Il est difficile de traduire en quelques lignes la richesse créative de l’artiste pakistano-américaine (née en 1969). La trentaine de ses œuvres – vidéos, œuvres sur papier, animations – reflète sa passion pour la miniature orientale qu’elle subvertit en art plus contemporain, son intérêt pour le dynamisme des formes, et leur relation à l’espace et la technique. Parallax, 2013, sur une musique de Du Yun est une vidéo de 20 m de long basée sur des dessins de Sikander mis en mouvement par un logiciel. Le thème avoué est l’histoire du commerce maritime et du colonialisme autour du Détroit d’Hormuz. Si l’on n’a pas lu les explications, on se laisse porter par ces cascades de couleurs, ces abstraction colorées et géométriques. Dans l’une des séquences, l’artiste manipule les cheveux des Gopi, adoratrices de Krishna, les transformant en chauve-souris tournoyant dans un ballet réglé. À noter aussi Six Singing Spheres, 2016, une série de six dessins à l’encre et feuille d’or qui fait écho à la scène de Parallax. L’œuvre est de signification si complexe, si l’on en croit le catalogue, les commentaires de l’artiste et du commissaire, qu’une seule visite ne peut suffire. Elle aura néanmoins permis une immersion visuelle envoûtante. Sikander est maintenant exposée internationalement, souhaitons lui d’être vite accueillie en France.

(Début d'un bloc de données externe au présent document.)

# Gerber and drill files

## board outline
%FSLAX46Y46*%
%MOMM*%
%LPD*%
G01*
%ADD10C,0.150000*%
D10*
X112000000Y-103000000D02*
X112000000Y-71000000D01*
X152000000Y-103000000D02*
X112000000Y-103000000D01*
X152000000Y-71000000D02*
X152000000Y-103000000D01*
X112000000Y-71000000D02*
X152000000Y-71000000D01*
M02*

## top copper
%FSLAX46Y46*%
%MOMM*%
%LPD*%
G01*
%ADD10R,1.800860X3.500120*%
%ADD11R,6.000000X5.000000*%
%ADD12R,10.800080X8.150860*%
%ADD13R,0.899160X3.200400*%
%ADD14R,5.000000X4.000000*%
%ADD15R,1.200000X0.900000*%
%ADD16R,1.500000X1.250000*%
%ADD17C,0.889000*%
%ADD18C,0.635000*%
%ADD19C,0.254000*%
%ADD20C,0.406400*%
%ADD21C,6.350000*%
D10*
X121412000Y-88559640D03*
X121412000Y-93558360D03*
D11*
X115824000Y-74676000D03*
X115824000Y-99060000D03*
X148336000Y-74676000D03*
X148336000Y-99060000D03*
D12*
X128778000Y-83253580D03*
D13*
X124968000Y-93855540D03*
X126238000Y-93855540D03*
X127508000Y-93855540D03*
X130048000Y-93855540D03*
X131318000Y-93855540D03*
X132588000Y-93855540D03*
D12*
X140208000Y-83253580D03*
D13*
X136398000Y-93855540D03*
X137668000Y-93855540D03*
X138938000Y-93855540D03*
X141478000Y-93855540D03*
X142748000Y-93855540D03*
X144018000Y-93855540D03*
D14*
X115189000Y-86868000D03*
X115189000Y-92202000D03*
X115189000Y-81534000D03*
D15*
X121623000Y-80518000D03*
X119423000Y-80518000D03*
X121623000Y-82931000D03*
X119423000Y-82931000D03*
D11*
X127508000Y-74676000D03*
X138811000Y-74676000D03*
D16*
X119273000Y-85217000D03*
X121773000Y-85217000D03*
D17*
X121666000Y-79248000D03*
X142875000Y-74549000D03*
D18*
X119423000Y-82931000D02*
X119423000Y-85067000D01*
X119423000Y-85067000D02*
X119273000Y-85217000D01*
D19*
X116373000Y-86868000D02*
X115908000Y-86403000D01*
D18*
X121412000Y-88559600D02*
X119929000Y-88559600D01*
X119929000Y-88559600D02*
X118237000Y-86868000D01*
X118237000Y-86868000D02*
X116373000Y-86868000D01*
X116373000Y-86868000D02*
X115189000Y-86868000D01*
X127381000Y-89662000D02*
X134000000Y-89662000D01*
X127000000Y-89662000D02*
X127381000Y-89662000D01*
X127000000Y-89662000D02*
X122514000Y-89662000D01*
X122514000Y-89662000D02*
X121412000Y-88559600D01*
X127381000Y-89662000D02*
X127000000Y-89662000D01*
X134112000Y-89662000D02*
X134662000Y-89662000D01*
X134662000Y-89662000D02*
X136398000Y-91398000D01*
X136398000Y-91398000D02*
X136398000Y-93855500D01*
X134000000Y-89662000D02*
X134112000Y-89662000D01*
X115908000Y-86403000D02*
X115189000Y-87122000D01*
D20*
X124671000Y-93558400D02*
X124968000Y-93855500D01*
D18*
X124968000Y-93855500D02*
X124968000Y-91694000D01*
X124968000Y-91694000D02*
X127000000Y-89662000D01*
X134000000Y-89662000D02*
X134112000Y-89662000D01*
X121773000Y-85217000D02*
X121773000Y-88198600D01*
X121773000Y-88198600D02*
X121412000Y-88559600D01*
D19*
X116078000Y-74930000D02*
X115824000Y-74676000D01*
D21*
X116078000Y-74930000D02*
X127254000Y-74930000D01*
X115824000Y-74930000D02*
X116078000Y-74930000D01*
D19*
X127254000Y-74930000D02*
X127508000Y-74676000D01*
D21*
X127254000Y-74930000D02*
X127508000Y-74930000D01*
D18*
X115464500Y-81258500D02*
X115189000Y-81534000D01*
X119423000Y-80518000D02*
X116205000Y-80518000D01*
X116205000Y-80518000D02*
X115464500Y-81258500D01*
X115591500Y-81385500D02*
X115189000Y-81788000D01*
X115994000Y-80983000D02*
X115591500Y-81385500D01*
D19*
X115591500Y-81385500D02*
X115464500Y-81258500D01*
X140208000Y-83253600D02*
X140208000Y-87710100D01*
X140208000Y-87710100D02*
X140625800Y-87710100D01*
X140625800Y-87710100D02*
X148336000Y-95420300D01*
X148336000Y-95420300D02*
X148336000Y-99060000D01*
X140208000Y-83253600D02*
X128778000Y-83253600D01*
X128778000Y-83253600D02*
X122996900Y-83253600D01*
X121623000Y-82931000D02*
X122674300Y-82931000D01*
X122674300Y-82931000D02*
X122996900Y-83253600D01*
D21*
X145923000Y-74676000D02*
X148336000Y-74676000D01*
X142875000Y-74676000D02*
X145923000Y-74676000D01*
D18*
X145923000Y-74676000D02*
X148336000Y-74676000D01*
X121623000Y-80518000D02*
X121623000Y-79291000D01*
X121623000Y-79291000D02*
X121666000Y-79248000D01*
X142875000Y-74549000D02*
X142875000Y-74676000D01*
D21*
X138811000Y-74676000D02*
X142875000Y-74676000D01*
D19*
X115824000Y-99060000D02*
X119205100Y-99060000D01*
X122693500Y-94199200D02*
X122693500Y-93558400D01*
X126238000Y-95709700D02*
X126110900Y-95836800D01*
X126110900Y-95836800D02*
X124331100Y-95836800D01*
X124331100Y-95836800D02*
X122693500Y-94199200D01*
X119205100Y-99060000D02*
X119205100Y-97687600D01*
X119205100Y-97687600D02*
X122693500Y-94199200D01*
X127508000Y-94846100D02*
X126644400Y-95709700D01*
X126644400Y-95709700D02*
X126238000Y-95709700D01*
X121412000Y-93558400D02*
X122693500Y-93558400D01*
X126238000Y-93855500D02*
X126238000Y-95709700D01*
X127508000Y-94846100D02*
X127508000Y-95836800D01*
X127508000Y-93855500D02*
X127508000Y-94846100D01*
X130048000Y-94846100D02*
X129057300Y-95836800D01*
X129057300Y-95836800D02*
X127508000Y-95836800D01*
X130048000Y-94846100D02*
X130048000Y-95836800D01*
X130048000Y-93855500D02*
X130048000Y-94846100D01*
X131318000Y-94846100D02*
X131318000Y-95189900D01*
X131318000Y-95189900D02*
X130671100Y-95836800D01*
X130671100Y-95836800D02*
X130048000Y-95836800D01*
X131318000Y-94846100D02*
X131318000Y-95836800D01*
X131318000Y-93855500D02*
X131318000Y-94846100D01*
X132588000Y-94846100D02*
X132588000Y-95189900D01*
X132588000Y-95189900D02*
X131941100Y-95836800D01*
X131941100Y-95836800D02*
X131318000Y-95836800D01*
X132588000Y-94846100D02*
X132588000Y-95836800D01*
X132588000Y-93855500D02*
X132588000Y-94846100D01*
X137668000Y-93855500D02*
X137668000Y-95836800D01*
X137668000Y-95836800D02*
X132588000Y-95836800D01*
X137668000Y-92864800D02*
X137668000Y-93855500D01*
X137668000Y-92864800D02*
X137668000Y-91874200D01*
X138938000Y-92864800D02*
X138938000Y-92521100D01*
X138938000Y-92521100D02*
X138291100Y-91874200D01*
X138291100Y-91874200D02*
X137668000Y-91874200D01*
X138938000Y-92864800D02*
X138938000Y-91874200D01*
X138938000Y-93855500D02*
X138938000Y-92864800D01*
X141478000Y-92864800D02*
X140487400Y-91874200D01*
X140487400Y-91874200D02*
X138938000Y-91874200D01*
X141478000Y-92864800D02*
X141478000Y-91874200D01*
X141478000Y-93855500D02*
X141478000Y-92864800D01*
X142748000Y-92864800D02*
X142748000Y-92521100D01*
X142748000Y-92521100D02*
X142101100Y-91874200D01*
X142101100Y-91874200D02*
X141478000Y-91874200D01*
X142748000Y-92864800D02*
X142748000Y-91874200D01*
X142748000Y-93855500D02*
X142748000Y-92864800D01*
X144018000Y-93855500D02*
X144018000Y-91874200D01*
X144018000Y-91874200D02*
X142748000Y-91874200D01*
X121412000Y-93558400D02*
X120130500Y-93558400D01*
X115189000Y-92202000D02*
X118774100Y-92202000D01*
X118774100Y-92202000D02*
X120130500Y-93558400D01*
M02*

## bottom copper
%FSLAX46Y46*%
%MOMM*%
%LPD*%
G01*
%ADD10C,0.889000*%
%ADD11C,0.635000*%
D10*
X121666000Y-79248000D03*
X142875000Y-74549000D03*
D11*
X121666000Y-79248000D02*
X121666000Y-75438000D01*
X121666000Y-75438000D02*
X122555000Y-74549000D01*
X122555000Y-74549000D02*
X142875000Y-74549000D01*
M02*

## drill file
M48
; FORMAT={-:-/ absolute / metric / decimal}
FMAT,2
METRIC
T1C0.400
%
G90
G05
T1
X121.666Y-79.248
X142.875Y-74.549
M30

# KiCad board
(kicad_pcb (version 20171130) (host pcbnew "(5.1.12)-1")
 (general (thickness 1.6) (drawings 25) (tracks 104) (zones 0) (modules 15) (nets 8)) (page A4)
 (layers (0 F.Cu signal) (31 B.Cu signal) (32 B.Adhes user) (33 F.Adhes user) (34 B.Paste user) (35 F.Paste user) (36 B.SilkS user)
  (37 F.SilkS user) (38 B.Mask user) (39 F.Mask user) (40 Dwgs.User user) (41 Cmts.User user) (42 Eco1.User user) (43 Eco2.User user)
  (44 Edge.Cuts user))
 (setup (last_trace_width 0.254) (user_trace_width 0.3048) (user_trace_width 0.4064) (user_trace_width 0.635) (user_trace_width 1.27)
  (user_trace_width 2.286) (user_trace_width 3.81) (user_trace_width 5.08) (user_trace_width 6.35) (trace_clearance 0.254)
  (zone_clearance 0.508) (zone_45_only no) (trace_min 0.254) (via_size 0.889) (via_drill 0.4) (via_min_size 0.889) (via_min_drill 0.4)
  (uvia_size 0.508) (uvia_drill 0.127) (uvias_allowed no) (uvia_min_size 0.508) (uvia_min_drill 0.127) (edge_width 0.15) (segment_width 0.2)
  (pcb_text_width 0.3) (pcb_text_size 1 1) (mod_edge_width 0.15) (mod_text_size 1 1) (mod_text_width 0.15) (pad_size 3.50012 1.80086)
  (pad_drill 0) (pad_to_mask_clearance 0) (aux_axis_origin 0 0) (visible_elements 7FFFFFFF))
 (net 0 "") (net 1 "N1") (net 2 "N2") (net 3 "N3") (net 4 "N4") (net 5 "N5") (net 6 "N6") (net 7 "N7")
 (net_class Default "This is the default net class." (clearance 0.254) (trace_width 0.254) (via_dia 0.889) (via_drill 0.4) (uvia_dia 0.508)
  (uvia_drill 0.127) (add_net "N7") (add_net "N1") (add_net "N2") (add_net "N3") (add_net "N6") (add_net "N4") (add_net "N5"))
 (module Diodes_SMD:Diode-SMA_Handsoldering (layer F.Cu) (at 121.412 91.059 270)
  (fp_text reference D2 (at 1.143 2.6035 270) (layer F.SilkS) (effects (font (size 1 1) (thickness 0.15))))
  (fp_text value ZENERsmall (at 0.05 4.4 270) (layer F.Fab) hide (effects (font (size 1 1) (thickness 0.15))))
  (pad 2 smd rect (at -2.49936 0 270) (size 3.50012 1.80086) (layers F.Cu F.Paste F.Mask) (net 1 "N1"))
  (pad 1 smd rect (at 2.49936 0 270) (size 3.50012 1.80086) (layers F.Cu F.Paste F.Mask) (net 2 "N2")))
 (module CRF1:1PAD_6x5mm (layer F.Cu) (at 115.824 74.676)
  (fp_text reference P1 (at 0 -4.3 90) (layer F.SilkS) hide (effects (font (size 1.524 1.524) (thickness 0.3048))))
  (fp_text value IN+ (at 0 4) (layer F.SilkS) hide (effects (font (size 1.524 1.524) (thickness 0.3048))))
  (pad 1 smd rect (at 0 0) (size 6 5) (layers F.Cu F.Paste F.Mask) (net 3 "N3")))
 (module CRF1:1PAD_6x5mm (layer F.Cu) (at 115.824 99.06)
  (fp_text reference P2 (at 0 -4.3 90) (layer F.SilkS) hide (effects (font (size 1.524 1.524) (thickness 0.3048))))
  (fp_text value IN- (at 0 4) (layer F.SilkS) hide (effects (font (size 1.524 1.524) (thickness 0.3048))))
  (pad 1 smd rect (at 0 0) (size 6 5) (layers F.Cu F.Paste F.Mask) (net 2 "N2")))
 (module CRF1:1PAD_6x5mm (layer F.Cu) (at 148.336 74.676)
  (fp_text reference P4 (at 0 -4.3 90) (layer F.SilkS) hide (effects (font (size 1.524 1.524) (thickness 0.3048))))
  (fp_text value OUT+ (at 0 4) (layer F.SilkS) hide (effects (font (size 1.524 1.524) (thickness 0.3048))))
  (pad 1 smd rect (at 0 0) (size 6 5) (layers F.Cu F.Paste F.Mask) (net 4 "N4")))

Tesori Gotici dalla Slovacchia

...Hélas, fermé depuis le 13 novembre 2016, dans les salles du Quirinale.
Trente-six œuvres (peintures, sculptures, objets de culte) des 15ème et 16ème siècles, y compris les étonnantes sculptures réalistes en bois doré de Pavol de Levoca (1480-1546) illustrant des scènes de la Passion du Christ. On sait bien peu de choses de l’artiste, dont les œuvres sont considérées comme les plus belles du Gothique tardif slovaque, sinon qu’il sculpta le retable le plus haut d’Europe. Une exposition qui marquait la présidence slovaque du Conseil de l’Union Européenne pendant la deuxième moitié de 2016.